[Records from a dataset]
---------------
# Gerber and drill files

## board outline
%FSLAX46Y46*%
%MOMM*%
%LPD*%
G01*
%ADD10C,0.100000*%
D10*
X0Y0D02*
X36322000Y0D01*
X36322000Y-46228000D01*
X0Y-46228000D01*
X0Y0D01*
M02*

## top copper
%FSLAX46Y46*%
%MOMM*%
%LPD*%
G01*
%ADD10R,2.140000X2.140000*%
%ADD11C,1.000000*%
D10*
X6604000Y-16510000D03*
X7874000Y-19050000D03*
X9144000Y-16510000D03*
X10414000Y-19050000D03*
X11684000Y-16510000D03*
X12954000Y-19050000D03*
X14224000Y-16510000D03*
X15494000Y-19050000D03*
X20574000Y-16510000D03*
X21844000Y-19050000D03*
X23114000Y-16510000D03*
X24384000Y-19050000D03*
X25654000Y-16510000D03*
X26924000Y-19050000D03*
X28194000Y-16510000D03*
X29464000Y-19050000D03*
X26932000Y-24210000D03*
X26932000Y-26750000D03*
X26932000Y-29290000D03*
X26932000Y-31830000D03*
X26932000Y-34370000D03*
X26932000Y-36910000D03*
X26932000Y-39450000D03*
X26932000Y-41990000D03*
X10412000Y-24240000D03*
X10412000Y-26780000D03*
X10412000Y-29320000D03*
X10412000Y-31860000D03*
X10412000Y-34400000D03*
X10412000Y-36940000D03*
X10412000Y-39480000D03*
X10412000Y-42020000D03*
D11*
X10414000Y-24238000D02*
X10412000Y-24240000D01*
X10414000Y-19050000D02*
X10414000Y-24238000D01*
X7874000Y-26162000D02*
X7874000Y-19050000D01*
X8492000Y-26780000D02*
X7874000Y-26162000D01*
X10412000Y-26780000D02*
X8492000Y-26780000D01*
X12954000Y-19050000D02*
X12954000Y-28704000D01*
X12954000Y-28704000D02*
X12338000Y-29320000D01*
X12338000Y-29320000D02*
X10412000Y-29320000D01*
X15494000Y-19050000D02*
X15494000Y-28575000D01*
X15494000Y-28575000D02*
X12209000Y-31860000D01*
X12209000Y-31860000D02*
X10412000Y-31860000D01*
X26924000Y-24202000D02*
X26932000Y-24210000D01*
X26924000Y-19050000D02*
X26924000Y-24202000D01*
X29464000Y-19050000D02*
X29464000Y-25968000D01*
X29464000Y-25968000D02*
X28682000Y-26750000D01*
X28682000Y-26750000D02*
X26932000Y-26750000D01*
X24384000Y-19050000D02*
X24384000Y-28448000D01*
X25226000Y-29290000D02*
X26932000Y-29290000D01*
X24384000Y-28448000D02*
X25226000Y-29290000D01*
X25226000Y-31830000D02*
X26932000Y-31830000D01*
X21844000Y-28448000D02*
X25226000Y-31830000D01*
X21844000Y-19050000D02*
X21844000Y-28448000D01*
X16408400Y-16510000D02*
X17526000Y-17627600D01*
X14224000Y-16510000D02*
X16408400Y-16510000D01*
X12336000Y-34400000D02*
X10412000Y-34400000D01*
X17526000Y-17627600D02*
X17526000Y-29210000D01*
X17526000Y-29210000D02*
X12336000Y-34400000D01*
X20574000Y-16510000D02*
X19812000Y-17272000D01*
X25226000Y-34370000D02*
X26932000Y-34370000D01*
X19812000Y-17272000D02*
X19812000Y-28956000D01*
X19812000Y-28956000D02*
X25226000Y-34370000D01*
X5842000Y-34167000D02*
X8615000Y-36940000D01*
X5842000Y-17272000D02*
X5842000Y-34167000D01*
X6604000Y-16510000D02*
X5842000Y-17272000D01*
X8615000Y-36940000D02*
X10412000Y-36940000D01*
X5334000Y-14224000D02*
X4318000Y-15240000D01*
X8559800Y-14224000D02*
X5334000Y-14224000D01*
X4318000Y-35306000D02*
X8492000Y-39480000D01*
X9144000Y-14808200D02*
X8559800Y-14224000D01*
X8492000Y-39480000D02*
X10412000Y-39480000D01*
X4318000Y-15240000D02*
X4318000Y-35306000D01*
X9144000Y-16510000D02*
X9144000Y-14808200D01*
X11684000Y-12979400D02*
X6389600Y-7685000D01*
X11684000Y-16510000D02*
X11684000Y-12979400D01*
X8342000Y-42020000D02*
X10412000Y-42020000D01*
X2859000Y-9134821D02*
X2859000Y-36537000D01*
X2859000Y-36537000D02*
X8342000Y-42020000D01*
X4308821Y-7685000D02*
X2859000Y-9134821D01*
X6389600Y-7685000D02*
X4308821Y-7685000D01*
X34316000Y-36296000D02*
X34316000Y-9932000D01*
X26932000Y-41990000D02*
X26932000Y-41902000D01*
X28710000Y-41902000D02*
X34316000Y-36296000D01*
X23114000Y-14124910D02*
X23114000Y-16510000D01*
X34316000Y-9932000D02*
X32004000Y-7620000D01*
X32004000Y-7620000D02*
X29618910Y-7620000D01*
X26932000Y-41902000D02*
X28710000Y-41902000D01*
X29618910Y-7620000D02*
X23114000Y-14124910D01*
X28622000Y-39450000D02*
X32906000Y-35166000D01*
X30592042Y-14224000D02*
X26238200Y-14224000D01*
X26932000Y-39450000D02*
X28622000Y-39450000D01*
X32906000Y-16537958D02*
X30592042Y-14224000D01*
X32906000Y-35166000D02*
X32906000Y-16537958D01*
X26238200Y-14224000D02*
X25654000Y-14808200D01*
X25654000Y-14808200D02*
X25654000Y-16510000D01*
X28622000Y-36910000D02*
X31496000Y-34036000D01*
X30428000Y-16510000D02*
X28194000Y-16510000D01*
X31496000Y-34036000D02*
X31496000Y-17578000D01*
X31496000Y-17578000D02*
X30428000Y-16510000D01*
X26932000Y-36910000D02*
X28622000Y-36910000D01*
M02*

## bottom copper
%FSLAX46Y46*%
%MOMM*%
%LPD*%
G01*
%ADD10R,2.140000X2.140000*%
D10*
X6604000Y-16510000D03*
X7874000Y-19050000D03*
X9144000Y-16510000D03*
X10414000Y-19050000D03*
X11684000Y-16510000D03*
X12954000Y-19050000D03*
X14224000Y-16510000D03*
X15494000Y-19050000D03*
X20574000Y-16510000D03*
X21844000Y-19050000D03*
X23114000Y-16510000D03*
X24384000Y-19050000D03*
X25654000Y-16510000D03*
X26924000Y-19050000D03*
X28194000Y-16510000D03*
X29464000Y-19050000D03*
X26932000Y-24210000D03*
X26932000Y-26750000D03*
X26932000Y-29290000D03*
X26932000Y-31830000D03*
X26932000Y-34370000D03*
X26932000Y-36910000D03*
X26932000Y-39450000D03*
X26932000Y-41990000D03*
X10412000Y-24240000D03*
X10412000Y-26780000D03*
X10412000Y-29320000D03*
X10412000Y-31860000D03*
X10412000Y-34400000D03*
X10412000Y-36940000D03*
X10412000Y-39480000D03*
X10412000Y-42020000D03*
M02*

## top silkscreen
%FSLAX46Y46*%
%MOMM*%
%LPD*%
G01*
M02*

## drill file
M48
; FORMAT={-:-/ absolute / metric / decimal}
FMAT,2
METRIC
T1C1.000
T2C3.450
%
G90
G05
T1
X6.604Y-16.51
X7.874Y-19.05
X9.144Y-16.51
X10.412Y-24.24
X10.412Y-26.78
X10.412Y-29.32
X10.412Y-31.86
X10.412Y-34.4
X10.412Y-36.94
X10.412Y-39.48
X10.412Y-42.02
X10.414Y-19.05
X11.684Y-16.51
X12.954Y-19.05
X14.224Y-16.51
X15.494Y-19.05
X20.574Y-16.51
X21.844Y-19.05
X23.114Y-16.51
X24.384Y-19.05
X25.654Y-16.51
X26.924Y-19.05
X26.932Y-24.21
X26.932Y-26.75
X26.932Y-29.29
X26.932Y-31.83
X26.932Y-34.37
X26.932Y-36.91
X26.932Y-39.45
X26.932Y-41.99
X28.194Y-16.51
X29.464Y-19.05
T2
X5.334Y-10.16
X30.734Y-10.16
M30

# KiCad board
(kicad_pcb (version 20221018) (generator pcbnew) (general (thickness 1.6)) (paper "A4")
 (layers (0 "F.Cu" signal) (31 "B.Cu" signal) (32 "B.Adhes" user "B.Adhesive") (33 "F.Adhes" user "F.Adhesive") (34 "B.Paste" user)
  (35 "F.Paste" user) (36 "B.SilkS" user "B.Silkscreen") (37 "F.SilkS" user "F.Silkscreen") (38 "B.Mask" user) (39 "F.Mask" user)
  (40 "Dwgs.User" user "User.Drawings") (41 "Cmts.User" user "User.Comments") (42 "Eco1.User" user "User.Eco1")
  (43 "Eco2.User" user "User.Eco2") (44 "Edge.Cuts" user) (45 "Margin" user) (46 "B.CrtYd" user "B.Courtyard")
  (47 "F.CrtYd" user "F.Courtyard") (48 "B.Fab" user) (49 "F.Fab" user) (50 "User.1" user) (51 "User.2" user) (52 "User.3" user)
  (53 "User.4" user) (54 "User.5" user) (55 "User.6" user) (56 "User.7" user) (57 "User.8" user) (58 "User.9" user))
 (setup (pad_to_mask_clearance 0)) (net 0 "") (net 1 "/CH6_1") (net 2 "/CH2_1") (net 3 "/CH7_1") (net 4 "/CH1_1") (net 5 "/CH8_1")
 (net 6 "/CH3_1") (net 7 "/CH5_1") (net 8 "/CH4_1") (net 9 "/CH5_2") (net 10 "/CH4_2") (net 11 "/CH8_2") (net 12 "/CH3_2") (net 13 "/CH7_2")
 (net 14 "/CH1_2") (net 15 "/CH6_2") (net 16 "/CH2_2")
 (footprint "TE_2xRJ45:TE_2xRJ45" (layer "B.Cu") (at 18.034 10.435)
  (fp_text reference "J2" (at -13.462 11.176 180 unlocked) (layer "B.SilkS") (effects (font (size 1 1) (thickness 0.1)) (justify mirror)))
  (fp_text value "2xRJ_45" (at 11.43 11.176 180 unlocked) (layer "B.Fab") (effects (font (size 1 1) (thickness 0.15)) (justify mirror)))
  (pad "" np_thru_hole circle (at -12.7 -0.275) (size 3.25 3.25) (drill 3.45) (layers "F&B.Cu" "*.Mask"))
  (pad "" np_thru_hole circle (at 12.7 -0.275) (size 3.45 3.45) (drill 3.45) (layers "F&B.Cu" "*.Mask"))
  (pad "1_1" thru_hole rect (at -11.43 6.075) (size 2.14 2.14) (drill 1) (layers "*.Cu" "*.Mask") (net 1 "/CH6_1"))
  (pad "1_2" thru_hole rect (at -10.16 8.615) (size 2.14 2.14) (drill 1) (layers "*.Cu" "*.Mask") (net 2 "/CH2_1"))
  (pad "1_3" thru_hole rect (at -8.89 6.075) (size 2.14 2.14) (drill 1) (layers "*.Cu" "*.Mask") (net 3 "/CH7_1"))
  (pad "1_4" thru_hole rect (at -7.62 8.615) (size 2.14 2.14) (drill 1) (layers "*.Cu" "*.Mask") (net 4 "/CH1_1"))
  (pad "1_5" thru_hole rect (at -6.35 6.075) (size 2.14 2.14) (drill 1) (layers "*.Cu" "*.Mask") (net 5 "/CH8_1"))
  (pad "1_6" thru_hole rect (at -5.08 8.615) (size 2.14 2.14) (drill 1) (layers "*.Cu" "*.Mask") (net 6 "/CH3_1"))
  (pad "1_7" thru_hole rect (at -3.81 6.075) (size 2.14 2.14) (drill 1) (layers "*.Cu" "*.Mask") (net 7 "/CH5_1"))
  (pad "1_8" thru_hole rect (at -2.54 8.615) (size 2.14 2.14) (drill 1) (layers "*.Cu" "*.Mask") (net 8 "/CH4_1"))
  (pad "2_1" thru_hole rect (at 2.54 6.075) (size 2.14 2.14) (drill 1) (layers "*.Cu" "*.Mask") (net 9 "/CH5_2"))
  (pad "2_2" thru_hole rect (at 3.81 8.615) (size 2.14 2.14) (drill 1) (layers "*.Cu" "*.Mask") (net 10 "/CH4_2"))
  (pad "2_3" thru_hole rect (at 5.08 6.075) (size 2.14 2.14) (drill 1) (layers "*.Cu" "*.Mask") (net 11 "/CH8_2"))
---------------
§ **EXERCISE**
For each line in the entries that contains the string "CrtYd", make a copy.

§ **OUTPUT OF THE TASK**
  (43 "Eco2.User" user "User.Eco2") (44 "Edge.Cuts" user) (45 "Margin" user) (46 "B.CrtYd" user "B.Courtyard")
  (47 "F.CrtYd" user "F.Courtyard") (48 "B.Fab" user) (49 "F.Fab" user) (50 "User.1" user) (51 "User.2" user) (52 "User.3" user)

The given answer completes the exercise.